WHAT YOU HAVE TO DO. In the entries below, find the line with "X107700000Y-36770000D02*" and the line with "X36.85Y-35.97". Reproduce those two lines and every line between them exactly, and nothing more.

MATERIAL TO PROCESS.
Segment Open

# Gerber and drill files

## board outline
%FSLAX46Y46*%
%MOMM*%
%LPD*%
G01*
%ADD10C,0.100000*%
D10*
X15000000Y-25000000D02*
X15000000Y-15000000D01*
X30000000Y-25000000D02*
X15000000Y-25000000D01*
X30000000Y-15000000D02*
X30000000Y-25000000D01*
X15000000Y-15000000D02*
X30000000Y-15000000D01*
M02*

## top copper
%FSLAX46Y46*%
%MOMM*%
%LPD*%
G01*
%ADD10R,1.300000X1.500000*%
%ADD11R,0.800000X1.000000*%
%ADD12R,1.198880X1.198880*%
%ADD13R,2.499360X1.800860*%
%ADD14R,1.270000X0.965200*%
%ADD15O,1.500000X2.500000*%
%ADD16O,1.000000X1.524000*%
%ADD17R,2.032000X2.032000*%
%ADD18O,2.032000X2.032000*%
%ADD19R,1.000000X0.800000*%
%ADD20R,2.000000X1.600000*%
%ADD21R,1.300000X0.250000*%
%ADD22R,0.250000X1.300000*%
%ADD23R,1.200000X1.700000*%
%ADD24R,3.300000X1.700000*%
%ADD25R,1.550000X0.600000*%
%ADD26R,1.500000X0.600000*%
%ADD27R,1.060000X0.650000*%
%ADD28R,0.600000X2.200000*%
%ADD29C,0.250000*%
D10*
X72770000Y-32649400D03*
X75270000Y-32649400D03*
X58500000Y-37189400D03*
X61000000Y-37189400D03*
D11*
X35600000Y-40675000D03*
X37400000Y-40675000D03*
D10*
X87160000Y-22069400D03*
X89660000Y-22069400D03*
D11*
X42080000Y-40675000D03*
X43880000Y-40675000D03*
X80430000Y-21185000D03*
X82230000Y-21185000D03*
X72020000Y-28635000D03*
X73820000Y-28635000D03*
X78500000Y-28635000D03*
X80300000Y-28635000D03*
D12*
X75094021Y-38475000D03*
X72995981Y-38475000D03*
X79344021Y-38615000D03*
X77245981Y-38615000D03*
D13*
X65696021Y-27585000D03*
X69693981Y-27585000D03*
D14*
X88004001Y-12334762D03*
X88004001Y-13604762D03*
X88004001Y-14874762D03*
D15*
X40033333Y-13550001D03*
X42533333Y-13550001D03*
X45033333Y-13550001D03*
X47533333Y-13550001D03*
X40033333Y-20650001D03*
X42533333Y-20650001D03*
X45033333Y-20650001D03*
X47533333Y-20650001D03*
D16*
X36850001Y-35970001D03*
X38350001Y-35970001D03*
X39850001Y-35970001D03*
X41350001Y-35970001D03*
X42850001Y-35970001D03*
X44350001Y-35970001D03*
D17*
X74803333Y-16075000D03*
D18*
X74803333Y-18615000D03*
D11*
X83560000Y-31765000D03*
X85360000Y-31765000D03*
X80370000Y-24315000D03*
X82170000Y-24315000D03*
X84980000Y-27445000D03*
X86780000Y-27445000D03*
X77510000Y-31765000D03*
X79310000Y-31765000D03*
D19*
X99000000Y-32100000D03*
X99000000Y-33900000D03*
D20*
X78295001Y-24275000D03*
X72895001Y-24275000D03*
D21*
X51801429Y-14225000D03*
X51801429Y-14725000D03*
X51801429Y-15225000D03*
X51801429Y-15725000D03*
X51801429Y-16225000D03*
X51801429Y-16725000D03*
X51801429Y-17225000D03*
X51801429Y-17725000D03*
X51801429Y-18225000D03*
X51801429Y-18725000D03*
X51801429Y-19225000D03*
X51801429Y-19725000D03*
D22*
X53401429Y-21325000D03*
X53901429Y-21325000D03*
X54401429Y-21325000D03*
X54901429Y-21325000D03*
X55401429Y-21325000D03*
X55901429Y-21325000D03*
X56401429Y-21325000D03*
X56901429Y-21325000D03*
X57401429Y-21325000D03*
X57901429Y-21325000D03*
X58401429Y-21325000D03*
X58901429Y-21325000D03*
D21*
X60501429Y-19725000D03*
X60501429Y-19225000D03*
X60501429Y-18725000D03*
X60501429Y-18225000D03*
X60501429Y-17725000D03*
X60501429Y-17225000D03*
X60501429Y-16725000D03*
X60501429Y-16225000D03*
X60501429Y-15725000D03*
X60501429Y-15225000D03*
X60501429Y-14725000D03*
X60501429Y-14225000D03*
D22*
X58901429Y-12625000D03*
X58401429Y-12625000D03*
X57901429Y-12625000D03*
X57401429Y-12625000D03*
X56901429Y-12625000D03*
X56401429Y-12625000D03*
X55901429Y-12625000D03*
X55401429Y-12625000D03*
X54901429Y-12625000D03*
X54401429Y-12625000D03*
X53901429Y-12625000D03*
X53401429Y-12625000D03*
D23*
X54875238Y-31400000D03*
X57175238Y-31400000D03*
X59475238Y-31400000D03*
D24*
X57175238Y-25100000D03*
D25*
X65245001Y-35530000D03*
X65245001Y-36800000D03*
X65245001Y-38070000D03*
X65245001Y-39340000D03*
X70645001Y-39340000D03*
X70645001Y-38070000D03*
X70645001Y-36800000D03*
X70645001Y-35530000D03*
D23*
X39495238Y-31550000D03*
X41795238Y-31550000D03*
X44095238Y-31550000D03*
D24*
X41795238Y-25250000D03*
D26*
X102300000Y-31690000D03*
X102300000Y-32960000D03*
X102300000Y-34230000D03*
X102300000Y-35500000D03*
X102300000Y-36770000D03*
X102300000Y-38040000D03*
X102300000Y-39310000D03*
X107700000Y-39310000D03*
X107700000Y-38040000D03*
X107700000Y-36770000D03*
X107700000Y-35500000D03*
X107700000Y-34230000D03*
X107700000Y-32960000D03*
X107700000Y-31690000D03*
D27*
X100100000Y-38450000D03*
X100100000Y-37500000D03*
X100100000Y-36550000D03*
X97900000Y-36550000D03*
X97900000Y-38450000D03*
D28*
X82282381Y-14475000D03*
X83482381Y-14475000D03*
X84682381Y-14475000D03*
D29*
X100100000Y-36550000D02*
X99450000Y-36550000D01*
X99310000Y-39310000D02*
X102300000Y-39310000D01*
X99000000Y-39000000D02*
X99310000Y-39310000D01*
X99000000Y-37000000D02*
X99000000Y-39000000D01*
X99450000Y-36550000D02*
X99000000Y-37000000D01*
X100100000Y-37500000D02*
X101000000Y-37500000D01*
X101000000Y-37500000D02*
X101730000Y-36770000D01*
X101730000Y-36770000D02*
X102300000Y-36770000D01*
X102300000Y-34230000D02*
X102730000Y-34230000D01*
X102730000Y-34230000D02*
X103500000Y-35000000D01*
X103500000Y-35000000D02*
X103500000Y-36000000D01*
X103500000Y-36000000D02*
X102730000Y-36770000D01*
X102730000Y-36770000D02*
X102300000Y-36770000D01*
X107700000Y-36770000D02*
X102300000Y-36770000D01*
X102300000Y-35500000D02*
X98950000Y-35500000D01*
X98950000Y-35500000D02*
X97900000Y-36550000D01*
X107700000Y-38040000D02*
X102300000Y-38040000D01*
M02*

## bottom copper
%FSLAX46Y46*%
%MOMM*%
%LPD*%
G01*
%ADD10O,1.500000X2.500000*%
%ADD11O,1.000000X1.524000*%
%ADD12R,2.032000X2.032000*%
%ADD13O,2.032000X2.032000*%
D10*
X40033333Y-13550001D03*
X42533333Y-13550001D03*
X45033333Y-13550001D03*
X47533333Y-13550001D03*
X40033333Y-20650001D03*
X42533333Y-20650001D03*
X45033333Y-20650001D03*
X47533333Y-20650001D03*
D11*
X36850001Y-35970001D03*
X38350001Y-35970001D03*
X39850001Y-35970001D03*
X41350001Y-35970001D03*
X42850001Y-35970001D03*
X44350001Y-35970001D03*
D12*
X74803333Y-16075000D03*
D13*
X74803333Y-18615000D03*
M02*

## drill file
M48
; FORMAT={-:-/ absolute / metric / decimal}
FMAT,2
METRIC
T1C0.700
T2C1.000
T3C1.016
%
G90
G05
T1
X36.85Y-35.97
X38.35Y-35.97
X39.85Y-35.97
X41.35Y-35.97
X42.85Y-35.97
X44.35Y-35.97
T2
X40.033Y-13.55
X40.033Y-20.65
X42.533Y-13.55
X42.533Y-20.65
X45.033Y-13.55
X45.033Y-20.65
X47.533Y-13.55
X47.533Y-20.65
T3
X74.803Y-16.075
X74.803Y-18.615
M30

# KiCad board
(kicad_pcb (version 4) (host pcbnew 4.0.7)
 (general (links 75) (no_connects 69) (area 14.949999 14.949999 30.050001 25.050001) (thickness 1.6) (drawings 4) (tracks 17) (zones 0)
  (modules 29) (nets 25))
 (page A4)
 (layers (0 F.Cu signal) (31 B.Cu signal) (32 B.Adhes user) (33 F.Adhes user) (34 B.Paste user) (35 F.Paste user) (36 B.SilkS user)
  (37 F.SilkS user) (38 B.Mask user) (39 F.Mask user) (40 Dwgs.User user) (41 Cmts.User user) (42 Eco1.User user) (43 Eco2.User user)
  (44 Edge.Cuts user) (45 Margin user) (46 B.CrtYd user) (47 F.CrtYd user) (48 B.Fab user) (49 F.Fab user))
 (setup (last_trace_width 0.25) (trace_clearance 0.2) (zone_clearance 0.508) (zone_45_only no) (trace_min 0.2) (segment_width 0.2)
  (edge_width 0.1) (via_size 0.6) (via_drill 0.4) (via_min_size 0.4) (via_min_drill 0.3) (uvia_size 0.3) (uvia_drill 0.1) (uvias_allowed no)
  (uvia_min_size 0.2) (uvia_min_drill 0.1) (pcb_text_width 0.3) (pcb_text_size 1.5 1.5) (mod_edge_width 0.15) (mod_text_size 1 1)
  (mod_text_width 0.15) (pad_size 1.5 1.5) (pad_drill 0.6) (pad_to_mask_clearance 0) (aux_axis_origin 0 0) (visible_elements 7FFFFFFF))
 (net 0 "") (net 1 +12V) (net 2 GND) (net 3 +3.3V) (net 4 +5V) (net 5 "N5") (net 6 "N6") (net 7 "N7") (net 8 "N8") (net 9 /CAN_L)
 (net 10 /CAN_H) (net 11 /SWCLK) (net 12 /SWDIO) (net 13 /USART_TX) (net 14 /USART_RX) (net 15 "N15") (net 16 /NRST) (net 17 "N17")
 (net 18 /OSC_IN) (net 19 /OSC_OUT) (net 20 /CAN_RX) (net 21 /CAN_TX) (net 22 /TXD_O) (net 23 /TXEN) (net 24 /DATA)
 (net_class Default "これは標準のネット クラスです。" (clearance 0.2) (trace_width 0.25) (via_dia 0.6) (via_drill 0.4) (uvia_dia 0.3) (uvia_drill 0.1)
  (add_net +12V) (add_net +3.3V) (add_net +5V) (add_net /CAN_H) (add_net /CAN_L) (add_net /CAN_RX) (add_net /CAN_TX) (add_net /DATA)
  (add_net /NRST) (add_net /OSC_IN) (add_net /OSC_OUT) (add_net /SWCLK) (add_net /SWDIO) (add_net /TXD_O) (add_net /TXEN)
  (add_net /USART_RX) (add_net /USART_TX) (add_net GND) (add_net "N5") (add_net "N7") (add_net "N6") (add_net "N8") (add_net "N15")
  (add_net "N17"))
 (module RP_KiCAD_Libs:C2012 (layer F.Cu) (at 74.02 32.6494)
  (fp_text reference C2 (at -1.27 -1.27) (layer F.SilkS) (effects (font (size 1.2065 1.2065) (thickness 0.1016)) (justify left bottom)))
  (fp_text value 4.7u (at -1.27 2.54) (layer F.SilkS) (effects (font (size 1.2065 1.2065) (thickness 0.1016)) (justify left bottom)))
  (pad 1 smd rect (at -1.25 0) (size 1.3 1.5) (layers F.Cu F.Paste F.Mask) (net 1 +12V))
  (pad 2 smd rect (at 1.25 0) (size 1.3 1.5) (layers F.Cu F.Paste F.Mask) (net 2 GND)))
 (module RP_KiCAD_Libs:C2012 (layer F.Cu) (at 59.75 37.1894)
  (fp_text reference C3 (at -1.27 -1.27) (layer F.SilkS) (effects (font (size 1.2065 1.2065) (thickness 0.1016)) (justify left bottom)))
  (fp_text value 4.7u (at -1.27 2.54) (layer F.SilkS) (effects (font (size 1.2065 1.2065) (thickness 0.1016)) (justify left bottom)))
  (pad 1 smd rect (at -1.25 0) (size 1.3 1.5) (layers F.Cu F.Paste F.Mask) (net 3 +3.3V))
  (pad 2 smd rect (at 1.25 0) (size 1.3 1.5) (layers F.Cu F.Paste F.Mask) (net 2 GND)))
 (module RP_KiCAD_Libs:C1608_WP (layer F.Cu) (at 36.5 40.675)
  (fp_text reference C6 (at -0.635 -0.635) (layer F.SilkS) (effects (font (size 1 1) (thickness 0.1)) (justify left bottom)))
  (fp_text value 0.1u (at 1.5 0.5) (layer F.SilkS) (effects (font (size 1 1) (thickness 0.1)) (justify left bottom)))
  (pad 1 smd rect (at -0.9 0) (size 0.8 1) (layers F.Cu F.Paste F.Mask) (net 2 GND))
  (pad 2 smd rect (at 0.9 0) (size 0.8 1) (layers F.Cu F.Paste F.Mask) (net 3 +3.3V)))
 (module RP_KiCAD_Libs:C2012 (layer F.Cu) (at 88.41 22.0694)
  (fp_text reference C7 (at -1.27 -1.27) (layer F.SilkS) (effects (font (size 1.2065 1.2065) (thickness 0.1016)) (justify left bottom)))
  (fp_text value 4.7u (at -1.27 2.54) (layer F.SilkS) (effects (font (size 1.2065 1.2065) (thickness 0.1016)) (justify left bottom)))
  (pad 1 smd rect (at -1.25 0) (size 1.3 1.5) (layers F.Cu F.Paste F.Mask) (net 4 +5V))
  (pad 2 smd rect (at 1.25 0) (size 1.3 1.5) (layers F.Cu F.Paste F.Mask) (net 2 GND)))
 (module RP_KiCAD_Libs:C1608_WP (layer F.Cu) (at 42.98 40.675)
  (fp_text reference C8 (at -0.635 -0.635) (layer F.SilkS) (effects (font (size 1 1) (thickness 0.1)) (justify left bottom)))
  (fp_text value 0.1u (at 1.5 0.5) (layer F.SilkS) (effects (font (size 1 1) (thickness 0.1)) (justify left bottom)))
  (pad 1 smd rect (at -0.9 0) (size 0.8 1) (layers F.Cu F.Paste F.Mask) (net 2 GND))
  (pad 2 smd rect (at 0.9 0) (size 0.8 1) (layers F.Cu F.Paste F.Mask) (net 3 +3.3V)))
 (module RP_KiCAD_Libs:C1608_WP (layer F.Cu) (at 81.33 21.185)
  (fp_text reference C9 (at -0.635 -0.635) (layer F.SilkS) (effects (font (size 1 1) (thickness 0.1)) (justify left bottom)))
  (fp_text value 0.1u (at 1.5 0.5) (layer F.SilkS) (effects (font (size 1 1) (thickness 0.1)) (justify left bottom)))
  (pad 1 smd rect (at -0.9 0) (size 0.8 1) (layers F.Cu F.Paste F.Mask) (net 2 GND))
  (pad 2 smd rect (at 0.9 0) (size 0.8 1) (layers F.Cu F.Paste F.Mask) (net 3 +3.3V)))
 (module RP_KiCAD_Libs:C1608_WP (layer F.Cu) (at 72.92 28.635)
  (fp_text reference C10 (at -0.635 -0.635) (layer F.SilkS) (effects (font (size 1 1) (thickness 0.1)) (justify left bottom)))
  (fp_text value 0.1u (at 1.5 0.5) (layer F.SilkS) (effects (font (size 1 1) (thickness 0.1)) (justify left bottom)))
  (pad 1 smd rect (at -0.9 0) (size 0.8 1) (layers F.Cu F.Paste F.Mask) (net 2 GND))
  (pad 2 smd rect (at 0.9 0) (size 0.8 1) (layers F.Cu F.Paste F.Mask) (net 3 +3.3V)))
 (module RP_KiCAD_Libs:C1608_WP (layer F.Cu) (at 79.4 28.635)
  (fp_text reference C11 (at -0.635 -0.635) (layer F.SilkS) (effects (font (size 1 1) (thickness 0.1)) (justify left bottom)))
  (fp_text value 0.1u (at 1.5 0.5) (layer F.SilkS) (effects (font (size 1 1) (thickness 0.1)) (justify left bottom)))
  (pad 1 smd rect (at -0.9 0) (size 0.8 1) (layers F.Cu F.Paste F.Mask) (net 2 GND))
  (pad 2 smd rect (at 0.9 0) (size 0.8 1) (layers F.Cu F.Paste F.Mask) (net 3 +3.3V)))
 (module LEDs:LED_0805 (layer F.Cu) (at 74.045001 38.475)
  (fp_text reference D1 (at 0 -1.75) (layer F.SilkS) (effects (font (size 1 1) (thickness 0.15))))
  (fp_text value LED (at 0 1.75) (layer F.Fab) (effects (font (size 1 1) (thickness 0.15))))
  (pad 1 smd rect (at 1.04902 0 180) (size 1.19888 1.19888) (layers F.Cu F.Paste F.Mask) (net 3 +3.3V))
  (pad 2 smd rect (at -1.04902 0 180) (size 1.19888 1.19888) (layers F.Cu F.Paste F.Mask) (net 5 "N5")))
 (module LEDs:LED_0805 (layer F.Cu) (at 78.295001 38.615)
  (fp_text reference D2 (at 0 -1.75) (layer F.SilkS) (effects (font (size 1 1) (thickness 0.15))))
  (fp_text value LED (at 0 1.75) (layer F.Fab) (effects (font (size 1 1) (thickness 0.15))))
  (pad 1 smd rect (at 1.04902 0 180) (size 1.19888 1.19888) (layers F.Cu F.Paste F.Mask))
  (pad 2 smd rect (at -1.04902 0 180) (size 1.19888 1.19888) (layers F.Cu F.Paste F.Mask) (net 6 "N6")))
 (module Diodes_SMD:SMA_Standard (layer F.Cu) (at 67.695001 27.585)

Segment Closed

TASK OUTPUT.
X107700000Y-36770000D02*
X102300000Y-36770000D01*
X102300000Y-35500000D02*
X98950000Y-35500000D01*
X98950000Y-35500000D02*
X97900000Y-36550000D01*
X107700000Y-38040000D02*
X102300000Y-38040000D01*
M02*

## bottom copper
%FSLAX46Y46*%
%MOMM*%
%LPD*%
G01*
%ADD10O,1.500000X2.500000*%
%ADD11O,1.000000X1.524000*%
%ADD12R,2.032000X2.032000*%
%ADD13O,2.032000X2.032000*%
D10*
X40033333Y-13550001D03*
X42533333Y-13550001D03*
X45033333Y-13550001D03*
X47533333Y-13550001D03*
X40033333Y-20650001D03*
X42533333Y-20650001D03*
X45033333Y-20650001D03*
X47533333Y-20650001D03*
D11*
X36850001Y-35970001D03*
X38350001Y-35970001D03*
X39850001Y-35970001D03*
X41350001Y-35970001D03*
X42850001Y-35970001D03*
X44350001Y-35970001D03*
D12*
X74803333Y-16075000D03*
D13*
X74803333Y-18615000D03*
M02*

## drill file
M48
; FORMAT={-:-/ absolute / metric / decimal}
FMAT,2
METRIC
T1C0.700
T2C1.000
T3C1.016
%
G90
G05
T1
X36.85Y-35.97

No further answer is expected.